Rapid logging comes into play when you're planning out your dailies (more on this in the modules section, below).
- Topics – a brief, descriptive title
- Page Numbers – to index later
- Short Sentences – concise and to the point
- Bullets – to organize your entries
Tasks are signified by a dot or bullet point (•) for actionable items and to-do’s.
- X Task completed
- > Task migrated
- < Task scheduled
- Events – signified by an open circle (ο) for date-specific items
- Notes – signified by a dash (-) for great ideas worth keeping
Signifiers are symbols that help to categorize your entries.
- An asterisk (*) denotes priority or important tasks
- An exclamation point (!) is for inspiration items
- An eye is for items that need more research or information
Each module is covered in the video, including an overview of the purpose of each and how to set it up. Here's a comprehensive guide on what's needed, what's flexible, and what to customize by section.
The index is where all of your entries and collections get organized. I often get asked what types of things I usually index. Do I index every single page? Every week? Every day?
The short answer is that you should index whatever you feel is important. Personally, I like to index each month and each new collection that I add to my bullet journal.
The future log in it’s simplest form as laid out at bulletjournal.com is how you will be logging your future events and appointments. Since nothing is set up ahead of time in the bullet journal, it’s necessary to keep a future log of some sort to log future events as they come up.
The monthly log is where you’ll be keeping track of all your current month’s events, appointments, and tasks. The monthly log can be set up in a matter of minutes, and I highly recommend waiting until the day before the month begins since you never know how much space the rest of the current month will need.

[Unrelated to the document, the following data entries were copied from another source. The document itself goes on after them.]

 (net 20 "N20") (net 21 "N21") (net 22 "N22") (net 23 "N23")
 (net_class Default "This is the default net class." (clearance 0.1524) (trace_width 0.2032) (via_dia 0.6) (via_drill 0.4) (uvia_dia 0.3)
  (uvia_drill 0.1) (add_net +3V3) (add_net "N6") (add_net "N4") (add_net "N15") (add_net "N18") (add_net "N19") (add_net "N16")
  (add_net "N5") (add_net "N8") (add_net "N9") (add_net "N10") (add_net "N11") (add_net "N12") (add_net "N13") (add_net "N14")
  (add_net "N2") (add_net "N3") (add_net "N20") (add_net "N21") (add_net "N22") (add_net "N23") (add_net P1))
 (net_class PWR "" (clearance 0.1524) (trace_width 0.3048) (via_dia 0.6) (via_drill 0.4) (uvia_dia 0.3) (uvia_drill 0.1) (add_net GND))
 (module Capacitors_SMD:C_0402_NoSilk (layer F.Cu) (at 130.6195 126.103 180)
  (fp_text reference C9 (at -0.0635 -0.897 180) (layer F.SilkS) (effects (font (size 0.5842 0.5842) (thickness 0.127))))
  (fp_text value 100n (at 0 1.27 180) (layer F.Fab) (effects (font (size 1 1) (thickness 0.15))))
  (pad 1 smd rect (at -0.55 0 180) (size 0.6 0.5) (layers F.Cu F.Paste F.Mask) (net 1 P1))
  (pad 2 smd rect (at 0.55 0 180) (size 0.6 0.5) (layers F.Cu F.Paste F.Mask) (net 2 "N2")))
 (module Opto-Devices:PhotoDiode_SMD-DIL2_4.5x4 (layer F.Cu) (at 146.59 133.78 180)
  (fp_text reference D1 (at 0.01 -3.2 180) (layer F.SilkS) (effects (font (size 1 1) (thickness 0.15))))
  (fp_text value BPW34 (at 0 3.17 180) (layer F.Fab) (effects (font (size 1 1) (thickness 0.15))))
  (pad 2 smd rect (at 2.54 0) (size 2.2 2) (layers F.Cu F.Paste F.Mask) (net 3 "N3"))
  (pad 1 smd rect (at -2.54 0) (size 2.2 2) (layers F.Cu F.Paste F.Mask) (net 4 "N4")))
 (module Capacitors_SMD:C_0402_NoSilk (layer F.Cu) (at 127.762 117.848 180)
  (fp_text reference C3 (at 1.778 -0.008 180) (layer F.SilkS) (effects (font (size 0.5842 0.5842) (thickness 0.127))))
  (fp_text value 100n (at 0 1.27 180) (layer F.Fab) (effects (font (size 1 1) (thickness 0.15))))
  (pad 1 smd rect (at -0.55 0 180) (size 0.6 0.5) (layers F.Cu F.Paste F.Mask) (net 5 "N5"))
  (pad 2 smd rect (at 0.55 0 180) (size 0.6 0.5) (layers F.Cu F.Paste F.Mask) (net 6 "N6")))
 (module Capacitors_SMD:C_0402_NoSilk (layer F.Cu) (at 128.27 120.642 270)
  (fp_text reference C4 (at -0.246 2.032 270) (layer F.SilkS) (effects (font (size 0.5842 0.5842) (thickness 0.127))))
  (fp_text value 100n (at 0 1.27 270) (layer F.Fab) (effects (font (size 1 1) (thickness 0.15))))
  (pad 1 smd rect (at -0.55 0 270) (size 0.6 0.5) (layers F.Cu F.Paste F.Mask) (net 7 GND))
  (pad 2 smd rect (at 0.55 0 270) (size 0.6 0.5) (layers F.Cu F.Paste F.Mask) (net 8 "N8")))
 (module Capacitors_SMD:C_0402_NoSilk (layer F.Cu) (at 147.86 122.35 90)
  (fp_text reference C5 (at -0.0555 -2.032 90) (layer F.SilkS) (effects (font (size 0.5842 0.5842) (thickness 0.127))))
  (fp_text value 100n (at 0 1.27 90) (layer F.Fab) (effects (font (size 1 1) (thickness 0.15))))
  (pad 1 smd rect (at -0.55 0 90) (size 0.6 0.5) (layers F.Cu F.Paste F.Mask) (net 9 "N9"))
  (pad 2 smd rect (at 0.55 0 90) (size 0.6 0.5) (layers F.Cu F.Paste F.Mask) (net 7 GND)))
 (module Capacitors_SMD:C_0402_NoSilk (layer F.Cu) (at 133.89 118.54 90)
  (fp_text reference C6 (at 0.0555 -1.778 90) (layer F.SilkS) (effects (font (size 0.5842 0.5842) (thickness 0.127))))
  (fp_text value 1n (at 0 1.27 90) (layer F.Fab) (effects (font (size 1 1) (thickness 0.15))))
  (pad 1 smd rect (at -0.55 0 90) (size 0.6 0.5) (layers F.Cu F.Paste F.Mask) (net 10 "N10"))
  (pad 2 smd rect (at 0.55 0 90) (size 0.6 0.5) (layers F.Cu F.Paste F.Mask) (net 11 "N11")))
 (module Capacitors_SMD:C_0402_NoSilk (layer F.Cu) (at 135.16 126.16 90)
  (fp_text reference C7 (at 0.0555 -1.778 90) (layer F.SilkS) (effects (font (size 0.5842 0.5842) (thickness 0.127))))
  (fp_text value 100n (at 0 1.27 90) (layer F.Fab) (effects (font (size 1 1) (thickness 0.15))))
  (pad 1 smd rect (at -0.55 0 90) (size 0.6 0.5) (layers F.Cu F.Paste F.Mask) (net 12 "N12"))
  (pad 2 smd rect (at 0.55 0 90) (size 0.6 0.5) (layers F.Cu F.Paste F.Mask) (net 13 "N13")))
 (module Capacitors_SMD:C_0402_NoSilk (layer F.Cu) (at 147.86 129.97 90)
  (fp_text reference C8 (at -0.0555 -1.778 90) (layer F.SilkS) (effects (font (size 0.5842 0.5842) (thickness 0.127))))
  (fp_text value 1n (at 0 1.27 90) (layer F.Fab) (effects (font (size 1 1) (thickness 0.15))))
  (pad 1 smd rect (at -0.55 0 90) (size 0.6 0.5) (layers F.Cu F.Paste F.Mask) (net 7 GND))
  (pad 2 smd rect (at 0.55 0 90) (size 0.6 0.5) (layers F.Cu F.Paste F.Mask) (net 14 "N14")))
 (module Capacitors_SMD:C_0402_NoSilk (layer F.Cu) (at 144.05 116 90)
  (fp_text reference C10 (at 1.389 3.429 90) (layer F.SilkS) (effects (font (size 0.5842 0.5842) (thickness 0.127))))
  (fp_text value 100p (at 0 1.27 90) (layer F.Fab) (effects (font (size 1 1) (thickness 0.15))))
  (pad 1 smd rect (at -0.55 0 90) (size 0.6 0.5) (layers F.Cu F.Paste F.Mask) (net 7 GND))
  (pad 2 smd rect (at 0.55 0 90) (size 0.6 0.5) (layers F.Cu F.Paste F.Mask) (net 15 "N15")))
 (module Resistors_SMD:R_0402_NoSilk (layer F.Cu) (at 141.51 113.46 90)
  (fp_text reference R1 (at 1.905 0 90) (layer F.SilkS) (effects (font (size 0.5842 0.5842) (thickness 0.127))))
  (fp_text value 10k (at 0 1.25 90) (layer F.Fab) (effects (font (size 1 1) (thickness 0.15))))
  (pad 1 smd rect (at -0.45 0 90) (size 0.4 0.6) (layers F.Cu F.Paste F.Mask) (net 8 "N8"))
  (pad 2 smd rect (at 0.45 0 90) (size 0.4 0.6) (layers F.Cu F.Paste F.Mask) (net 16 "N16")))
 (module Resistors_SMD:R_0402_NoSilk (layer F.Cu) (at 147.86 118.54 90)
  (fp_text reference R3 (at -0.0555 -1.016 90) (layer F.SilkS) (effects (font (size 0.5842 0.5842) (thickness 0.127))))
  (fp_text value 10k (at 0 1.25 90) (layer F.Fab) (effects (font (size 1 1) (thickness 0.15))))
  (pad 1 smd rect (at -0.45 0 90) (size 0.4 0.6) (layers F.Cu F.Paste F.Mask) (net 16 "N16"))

Once you have your dates and days of the week written down the left-hand side, just fill in any upcoming events and appointments that you know about at the beginning of the month. Then, as the month unfolds, you can log any little tidbits of things that happened each day, as well as add additional appointments as they come up.
The right-hand side of the spread is for your monthly tasks and goals. I like to write these out in no particular order, but you’re welcome to organize them by category or even put little signifiers next to each one to indicate what type of task it is.
The daily logs or “dailies” are where the bullet journal system comes alive! The daily log is where that method of rapid logging and using signifiers enters into play.
Simply write the date on the next available line, and then list out your tasks for the day using the bullets and signifiers covered above.
As you go through your day, you can mark off tasks as they are complete, or cross them out if they become irrelevant.
Migration is the act of re-writing unfinished tasks from previous days into your current daily log. This can be done on a daily, weekly, or monthly basis (whatever suits you best) and it helps you to get clear on your next steps.
Collections can be lists, projects, or anything else that you want or need to insert into your bullet journal. This is an example of a "mood board" collection.
That’s the beauty of the bullet journal system! Whenever you need to write something down, you can go to the next available page or space and get to writing. To organize your collections, it’s as simple as writing them into your index so that you can easily find them later.
I hope this system is helpful! I encourage you to check out the OG site if you're interested in starting your own. Happy journaling!